Even though I didn’t have a way to get inside the walls, I made my way to the South Wing. I wasn’t standing around for very long before I saw the mist again. This time it came in a shade of cloudy purple and it was seeping out from under the cracks of Gossamer’s sliding glass entrance.
As the mist thickened, it traveled. Of course, I had no choice but to follow it. Would you believe that it led me all the way to the doors designed as walls where Sean first showed me the way inside the department corridors.
The mist curled around my ankles before lunging forward and seeping in through the seam in the door. That’s when I noticed that the door was slightly ajar. An employee must have left it open. What were the odds?
So, the mall wanted me to get to the carousel too, huh?
I pushed the door in. Waiting just beyond the threshold was a massive profile of black and white. The eye of a killer whale was level with mine.

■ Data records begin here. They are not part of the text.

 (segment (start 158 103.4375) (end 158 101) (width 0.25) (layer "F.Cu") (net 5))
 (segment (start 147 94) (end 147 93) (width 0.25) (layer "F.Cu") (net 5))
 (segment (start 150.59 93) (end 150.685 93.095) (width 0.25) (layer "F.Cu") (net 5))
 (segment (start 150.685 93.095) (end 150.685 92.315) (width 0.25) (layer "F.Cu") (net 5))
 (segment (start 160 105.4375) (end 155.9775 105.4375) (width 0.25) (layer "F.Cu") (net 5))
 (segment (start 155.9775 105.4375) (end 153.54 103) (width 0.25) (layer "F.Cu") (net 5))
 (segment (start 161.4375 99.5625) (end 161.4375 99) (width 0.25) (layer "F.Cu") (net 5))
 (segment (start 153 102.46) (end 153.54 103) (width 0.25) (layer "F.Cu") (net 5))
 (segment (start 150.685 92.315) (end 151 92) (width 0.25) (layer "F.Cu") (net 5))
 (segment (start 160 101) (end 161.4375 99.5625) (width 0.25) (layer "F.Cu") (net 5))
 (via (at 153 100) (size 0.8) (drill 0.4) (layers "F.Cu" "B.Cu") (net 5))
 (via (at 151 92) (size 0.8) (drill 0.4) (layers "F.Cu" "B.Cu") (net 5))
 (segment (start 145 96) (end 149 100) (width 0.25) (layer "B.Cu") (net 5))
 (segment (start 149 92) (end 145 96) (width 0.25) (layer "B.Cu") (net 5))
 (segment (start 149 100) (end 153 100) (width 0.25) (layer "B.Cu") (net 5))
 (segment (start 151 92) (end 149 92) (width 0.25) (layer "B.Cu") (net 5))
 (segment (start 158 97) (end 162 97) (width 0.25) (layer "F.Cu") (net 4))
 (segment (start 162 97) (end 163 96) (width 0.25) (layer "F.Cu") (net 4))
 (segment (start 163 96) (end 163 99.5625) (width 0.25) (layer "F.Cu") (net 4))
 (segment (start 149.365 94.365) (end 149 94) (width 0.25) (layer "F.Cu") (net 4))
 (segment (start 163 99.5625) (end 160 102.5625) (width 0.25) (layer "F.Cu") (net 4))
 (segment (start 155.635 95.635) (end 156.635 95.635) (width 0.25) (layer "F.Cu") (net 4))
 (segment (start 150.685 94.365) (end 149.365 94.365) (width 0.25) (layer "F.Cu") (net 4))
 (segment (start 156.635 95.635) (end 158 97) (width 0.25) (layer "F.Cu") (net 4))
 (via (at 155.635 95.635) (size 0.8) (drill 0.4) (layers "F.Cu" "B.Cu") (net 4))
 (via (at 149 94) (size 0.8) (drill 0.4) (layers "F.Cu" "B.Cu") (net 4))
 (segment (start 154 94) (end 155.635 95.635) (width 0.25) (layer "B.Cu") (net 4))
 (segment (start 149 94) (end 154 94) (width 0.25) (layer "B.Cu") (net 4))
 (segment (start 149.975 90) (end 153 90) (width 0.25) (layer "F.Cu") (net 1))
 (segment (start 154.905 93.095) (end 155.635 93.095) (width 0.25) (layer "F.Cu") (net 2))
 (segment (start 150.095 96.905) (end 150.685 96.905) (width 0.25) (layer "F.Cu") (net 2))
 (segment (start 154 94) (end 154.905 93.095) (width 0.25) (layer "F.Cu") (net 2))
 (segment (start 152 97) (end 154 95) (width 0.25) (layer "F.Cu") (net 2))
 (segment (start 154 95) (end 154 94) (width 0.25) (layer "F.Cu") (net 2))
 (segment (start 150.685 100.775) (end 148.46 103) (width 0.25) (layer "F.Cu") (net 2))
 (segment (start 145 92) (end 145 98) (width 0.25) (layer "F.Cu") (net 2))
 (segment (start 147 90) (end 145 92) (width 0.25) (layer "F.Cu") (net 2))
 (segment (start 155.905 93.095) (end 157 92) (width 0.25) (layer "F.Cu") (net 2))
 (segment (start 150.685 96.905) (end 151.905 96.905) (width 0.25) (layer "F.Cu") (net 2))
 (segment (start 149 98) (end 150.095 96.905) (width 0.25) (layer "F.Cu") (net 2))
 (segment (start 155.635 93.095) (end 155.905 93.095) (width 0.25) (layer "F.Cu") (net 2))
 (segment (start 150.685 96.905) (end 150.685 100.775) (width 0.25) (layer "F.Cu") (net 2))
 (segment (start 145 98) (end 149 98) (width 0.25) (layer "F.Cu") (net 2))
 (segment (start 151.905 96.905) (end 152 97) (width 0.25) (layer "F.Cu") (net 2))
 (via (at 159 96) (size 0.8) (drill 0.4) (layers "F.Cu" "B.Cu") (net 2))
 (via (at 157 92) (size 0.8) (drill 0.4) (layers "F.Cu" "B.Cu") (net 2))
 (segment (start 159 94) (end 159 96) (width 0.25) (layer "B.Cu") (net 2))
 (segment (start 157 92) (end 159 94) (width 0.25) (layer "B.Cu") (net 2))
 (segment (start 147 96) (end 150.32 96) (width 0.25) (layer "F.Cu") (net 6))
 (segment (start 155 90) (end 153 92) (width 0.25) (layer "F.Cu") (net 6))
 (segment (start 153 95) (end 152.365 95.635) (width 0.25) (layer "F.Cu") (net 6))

My breath became sharp as I stiffened in fright. But as soon as I blinked, the orca’s head was gone and all that was waiting for me on the other side was a dimly lit concrete tunnel.

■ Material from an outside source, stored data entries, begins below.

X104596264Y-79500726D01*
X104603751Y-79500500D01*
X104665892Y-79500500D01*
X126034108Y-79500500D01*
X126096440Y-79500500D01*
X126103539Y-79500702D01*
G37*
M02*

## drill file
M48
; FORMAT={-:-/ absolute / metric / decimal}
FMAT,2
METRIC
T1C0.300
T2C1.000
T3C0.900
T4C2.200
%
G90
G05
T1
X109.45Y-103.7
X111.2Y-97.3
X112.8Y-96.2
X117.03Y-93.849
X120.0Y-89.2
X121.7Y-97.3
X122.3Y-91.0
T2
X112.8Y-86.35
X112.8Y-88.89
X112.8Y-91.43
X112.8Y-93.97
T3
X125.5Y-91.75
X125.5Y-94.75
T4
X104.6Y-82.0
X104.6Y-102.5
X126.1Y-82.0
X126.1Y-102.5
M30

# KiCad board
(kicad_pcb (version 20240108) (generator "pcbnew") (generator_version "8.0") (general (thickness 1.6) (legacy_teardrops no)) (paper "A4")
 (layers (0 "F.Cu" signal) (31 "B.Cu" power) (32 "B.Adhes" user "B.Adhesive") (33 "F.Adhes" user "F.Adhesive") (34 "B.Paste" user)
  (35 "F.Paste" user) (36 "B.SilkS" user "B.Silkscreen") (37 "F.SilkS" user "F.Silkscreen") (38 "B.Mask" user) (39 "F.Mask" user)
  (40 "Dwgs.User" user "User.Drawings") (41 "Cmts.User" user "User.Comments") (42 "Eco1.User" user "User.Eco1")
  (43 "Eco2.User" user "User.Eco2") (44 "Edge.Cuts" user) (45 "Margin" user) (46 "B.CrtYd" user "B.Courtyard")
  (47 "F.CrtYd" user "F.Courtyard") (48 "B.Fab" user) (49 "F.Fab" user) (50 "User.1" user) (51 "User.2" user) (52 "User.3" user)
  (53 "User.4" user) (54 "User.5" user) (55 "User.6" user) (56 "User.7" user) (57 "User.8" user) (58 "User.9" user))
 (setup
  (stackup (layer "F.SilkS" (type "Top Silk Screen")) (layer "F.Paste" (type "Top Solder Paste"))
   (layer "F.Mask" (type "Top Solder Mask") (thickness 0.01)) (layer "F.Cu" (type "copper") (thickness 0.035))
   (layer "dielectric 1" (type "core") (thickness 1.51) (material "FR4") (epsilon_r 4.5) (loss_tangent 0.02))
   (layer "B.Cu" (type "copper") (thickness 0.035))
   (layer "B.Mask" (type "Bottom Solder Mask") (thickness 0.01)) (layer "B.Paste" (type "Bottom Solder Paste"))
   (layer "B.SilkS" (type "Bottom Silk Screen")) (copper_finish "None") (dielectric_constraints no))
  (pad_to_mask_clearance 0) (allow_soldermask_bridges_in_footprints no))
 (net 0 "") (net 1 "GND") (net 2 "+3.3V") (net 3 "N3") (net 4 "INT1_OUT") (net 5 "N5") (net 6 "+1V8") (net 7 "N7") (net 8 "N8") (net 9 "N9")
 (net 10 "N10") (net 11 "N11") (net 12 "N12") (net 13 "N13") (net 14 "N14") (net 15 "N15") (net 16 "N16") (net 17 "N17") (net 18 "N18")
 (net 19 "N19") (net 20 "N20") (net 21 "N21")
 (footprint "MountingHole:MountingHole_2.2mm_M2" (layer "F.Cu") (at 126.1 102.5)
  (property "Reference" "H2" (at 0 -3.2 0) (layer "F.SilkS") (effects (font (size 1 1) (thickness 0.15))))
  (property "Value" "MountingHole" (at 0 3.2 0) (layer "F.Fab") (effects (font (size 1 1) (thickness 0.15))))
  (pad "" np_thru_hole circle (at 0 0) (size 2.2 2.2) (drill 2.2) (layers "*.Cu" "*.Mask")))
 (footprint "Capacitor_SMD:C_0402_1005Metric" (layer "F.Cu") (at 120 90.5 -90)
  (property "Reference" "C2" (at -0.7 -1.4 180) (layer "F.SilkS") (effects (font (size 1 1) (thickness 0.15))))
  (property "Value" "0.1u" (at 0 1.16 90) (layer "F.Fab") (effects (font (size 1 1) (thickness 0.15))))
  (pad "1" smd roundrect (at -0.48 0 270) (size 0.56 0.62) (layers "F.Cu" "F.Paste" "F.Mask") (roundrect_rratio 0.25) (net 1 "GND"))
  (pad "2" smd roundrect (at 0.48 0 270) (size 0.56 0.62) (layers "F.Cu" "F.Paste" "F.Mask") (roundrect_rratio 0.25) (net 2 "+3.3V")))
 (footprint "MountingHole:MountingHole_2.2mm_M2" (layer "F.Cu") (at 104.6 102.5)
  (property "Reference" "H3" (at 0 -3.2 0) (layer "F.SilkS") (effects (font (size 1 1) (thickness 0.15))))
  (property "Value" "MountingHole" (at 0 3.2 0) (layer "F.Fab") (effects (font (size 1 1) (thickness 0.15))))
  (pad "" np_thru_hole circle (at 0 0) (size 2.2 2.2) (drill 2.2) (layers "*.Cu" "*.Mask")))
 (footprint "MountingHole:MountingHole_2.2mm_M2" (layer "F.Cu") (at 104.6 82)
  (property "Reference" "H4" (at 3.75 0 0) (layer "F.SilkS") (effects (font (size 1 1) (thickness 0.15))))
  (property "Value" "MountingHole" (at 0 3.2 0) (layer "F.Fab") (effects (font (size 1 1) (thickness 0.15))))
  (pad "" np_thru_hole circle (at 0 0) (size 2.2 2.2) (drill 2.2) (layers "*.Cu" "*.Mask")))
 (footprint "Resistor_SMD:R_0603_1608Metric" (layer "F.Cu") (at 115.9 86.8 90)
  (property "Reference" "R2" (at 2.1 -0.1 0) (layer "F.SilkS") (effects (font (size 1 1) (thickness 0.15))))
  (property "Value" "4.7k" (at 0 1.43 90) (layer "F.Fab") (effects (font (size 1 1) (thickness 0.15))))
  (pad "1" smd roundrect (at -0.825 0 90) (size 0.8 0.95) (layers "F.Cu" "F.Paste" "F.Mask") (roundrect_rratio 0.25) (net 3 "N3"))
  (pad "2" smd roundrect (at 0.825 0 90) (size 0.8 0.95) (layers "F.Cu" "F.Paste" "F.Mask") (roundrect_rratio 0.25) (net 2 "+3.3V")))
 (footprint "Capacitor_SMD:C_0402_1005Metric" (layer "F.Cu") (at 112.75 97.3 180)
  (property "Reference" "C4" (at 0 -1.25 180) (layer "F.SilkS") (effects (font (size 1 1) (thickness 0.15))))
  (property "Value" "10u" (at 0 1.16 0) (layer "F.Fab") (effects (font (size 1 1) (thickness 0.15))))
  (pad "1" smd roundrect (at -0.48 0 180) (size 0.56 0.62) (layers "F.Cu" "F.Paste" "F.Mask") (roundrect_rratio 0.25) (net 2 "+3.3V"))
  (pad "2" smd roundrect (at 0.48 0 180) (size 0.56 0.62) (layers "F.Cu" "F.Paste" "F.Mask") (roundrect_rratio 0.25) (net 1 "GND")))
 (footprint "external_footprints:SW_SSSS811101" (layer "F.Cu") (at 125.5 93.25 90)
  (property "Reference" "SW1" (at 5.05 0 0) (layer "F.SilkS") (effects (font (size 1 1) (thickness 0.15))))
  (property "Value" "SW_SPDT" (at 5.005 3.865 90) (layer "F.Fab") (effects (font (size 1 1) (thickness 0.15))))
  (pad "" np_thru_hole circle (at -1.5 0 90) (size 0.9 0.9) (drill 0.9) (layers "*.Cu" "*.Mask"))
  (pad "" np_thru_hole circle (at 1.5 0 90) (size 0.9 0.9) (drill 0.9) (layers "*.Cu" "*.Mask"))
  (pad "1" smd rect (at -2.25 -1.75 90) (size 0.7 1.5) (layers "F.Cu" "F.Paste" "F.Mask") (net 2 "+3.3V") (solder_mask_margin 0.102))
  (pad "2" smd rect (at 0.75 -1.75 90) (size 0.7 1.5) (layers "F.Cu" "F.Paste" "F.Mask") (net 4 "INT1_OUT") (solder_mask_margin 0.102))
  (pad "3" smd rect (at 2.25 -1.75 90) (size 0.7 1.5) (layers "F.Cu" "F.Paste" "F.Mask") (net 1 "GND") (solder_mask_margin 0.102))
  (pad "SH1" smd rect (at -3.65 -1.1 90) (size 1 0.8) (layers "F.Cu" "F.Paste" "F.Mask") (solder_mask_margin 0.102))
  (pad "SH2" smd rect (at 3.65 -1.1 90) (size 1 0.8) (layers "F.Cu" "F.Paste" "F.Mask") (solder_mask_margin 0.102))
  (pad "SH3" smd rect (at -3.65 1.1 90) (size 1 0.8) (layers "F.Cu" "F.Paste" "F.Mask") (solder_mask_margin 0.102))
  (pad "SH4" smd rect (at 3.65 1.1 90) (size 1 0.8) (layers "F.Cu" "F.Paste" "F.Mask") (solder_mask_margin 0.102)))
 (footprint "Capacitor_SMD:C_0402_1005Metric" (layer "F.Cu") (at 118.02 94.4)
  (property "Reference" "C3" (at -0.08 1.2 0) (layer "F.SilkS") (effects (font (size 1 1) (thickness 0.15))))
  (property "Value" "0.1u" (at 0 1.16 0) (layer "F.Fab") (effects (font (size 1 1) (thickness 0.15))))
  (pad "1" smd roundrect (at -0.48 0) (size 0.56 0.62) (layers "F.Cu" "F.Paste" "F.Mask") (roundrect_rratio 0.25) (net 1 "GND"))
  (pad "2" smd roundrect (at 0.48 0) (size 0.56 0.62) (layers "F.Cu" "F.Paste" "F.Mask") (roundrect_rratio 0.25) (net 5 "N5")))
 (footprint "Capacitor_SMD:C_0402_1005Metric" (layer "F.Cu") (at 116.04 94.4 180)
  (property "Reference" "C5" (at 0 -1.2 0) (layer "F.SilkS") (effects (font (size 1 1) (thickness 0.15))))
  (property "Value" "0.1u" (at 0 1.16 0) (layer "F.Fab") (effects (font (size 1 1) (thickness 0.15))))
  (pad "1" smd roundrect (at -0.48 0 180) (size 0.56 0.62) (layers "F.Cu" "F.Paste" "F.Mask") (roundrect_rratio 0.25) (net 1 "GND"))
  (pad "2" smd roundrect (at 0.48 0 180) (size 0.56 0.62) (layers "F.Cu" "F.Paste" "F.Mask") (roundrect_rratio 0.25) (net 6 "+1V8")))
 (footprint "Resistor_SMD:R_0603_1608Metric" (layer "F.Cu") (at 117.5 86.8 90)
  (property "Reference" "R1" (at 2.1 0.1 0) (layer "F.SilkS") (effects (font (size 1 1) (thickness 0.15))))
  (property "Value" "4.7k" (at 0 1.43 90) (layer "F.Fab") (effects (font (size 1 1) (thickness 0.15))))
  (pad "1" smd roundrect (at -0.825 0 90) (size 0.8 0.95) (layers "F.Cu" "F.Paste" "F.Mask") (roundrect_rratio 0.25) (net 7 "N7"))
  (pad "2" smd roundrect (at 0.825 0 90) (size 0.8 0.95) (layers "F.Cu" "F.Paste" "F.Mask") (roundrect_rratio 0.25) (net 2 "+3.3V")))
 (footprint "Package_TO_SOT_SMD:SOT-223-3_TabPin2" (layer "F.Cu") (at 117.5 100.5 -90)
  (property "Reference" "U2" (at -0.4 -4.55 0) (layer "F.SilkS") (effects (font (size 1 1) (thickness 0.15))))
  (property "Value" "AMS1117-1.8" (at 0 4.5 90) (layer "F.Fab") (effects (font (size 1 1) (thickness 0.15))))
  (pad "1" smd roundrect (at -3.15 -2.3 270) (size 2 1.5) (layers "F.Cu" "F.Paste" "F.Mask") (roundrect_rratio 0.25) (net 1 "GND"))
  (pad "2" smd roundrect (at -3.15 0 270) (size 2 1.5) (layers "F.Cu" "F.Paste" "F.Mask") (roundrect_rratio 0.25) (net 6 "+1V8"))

After something like that, I didn’t know if I could go forward. The deep wrinkles around the orca’s glassy black eye was still very sharp in my mind. Sean’s warning from our last confrontation throbbed in my head.
The orcas are not your friends, Aqua.
As if sensing my hesitation, the mist pushed against the backs of my knees and pulled at my ankles. It grew cooler and cooler the longer I waited.

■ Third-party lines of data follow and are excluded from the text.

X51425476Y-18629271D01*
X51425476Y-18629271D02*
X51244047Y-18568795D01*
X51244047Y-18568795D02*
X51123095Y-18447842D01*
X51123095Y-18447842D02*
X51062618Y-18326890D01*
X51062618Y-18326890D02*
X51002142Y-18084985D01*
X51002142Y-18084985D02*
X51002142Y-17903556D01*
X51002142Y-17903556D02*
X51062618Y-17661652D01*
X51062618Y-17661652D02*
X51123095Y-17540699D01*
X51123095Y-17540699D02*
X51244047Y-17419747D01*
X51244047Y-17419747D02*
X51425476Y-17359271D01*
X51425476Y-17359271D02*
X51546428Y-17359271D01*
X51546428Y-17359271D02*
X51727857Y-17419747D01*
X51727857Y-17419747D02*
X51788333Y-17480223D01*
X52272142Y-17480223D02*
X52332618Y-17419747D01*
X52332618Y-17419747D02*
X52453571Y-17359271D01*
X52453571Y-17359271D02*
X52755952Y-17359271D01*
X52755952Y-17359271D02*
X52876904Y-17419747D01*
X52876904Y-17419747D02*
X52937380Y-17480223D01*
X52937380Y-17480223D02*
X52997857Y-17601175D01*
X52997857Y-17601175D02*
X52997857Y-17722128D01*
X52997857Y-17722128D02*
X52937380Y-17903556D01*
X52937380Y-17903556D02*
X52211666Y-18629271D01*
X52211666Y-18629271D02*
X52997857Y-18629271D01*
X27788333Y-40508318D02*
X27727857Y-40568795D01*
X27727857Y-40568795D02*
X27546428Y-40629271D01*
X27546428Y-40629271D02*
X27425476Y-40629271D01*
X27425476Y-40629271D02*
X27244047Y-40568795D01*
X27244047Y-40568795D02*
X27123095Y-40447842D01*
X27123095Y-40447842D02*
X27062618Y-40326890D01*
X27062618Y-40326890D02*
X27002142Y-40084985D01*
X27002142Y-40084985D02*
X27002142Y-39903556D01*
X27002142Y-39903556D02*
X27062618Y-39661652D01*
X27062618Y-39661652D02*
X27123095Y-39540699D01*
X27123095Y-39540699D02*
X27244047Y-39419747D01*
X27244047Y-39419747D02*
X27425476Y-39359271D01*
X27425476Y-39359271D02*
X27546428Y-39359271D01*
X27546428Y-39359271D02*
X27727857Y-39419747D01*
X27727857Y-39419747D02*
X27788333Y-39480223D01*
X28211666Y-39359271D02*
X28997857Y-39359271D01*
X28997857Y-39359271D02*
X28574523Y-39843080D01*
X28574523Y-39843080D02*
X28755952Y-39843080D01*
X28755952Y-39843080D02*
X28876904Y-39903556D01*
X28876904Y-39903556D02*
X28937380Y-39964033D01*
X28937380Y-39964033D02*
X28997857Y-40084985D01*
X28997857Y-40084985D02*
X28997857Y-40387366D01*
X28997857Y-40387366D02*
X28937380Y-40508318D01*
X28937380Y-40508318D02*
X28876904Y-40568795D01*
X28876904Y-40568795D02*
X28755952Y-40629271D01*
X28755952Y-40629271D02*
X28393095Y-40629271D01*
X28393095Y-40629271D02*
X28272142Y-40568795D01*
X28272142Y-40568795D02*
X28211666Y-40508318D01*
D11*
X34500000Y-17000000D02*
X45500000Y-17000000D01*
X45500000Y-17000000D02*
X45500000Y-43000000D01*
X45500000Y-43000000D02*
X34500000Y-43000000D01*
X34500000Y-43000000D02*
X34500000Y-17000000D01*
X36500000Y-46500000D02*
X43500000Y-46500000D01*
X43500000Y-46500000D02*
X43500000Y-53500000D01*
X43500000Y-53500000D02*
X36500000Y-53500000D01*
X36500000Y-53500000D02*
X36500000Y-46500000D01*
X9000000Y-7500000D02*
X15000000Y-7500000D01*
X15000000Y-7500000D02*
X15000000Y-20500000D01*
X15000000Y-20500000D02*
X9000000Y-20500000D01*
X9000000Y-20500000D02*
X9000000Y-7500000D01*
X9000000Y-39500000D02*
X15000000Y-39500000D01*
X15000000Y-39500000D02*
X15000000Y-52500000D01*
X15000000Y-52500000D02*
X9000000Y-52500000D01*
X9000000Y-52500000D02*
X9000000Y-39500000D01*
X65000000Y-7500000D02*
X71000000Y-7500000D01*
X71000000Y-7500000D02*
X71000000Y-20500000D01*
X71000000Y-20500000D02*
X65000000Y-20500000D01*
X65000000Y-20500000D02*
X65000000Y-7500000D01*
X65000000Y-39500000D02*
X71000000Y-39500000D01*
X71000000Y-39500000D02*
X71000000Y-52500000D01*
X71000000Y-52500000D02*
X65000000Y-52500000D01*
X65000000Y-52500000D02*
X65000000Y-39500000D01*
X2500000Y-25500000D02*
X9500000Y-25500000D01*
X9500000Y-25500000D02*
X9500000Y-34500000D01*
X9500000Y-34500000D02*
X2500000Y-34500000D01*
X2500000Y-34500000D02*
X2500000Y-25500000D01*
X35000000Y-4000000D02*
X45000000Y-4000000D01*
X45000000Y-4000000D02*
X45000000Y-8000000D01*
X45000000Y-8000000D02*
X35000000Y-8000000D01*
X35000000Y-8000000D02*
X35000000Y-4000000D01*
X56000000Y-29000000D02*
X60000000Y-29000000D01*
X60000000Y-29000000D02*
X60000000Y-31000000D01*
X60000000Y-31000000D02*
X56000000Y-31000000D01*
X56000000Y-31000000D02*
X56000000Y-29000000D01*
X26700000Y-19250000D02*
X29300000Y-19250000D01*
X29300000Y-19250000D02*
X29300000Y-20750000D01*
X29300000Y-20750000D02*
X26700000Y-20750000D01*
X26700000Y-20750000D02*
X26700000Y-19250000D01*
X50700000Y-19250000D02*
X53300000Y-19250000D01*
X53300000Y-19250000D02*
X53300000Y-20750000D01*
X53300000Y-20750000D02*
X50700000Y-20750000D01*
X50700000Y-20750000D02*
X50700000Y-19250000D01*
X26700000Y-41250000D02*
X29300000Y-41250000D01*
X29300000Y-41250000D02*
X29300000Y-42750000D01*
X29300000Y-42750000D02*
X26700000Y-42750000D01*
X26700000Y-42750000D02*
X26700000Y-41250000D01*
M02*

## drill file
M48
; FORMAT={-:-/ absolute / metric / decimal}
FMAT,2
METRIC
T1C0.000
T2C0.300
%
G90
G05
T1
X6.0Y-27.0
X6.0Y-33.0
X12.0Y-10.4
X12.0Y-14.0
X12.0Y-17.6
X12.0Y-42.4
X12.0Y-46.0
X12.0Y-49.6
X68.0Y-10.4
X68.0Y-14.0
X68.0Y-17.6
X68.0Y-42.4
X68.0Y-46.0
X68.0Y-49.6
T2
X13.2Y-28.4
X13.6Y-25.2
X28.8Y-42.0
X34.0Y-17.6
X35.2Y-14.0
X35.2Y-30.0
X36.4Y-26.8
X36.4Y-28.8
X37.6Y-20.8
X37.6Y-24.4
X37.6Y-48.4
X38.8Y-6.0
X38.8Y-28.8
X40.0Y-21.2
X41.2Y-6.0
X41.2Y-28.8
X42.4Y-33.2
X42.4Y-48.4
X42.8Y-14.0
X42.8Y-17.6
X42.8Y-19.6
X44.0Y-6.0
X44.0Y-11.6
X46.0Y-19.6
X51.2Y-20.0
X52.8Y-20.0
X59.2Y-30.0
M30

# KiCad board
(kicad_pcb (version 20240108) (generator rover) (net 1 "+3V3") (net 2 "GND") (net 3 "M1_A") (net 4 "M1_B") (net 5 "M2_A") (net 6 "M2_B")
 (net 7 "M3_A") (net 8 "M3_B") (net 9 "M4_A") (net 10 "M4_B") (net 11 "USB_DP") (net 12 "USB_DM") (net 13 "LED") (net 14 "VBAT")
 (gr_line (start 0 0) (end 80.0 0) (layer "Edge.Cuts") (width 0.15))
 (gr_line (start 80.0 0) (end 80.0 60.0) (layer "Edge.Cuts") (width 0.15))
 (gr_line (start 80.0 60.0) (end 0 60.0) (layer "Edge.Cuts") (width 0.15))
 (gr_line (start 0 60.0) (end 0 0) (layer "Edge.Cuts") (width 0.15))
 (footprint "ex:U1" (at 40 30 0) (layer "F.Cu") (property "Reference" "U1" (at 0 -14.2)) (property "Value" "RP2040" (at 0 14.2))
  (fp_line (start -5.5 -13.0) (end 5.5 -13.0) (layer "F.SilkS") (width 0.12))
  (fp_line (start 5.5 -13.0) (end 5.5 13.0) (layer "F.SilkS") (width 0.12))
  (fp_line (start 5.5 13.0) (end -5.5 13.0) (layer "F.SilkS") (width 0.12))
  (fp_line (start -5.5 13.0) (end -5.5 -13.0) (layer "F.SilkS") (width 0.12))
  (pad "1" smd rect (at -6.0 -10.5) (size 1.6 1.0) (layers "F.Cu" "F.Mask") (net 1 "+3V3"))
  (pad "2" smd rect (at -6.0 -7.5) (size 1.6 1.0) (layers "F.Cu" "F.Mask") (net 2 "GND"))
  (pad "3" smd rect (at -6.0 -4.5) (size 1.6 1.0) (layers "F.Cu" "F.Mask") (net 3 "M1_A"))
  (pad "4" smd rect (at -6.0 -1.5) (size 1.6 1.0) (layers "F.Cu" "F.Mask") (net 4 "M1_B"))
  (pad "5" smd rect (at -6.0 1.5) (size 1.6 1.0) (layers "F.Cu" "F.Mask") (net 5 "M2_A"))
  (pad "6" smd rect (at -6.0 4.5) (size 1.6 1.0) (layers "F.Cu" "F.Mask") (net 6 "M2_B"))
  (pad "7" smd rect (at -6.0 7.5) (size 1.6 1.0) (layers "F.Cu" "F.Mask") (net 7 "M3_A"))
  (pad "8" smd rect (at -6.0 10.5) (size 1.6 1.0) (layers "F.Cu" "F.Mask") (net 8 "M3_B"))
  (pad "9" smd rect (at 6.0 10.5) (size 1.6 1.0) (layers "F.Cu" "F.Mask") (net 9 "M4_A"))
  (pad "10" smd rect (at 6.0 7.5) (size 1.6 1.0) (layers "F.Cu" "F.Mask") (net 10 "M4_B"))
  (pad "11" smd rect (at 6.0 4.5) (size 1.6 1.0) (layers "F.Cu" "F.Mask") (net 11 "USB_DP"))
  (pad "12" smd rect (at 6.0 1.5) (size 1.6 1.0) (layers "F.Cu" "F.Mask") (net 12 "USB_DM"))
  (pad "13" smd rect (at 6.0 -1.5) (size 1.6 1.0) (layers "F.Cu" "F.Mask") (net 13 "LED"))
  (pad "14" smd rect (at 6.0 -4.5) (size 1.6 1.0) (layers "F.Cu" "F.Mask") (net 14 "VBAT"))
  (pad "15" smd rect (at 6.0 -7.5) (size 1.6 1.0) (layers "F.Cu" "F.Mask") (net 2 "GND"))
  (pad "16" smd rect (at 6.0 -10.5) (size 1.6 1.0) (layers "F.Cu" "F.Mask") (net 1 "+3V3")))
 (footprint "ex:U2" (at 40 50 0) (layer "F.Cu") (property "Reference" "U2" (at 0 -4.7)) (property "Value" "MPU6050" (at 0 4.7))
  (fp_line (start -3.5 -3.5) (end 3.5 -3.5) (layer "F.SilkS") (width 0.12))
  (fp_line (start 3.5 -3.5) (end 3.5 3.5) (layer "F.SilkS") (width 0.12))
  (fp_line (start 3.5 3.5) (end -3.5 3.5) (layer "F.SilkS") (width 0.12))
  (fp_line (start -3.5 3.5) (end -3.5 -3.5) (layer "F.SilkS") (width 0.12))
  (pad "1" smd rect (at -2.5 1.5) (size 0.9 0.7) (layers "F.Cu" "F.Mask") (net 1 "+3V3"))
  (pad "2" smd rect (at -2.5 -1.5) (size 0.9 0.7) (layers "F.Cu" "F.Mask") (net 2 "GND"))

Still, this was my only chance. If I didn’t go now, I might never find out what would happen when I touched the carousel.
So I walked inside the corridor.
Since I had only gone this way once, I didn’t remember the path exactly. The mist guided me in the right direction. Soon I was going up that creepy escalator, my steps echoing as I moved waist-deep in the rising purple mist.
Strange shadows played games against the walls of the bed and bath level. They weren’t orcas this time. In fact, I hadn’t seen a single orca since the one that popped up at the entrance.
Out of my periphery, the shadows seemed to coalesce into a single silhouette – one that was hunched and kind of misshapen. Whenever I turned my head to get a better look at it, the image dissolved.
Were these more ghosts that called the mall home? Or just a trick of the light?
By now, I had reached the carousel. The moment I saw my favorite zebra mount, I smiled and relaxed a little. Sure, I was surrounded by a sentient mist and being stalked by weird shadows, but at least the cool ride from my childhood was here with me.
There was something else that I noticed.
The graffiti… Sean’s numbers…
They were gone.
In fact, now that I was looking closely, I realized that the whole carousel looked brand new. As if someone had swooped in and given it a fresh coat of paint.
Sure, someone could have spruced the ride up if there were any plans to reinstate it at the Player Nexus, but I highly doubt that was the case.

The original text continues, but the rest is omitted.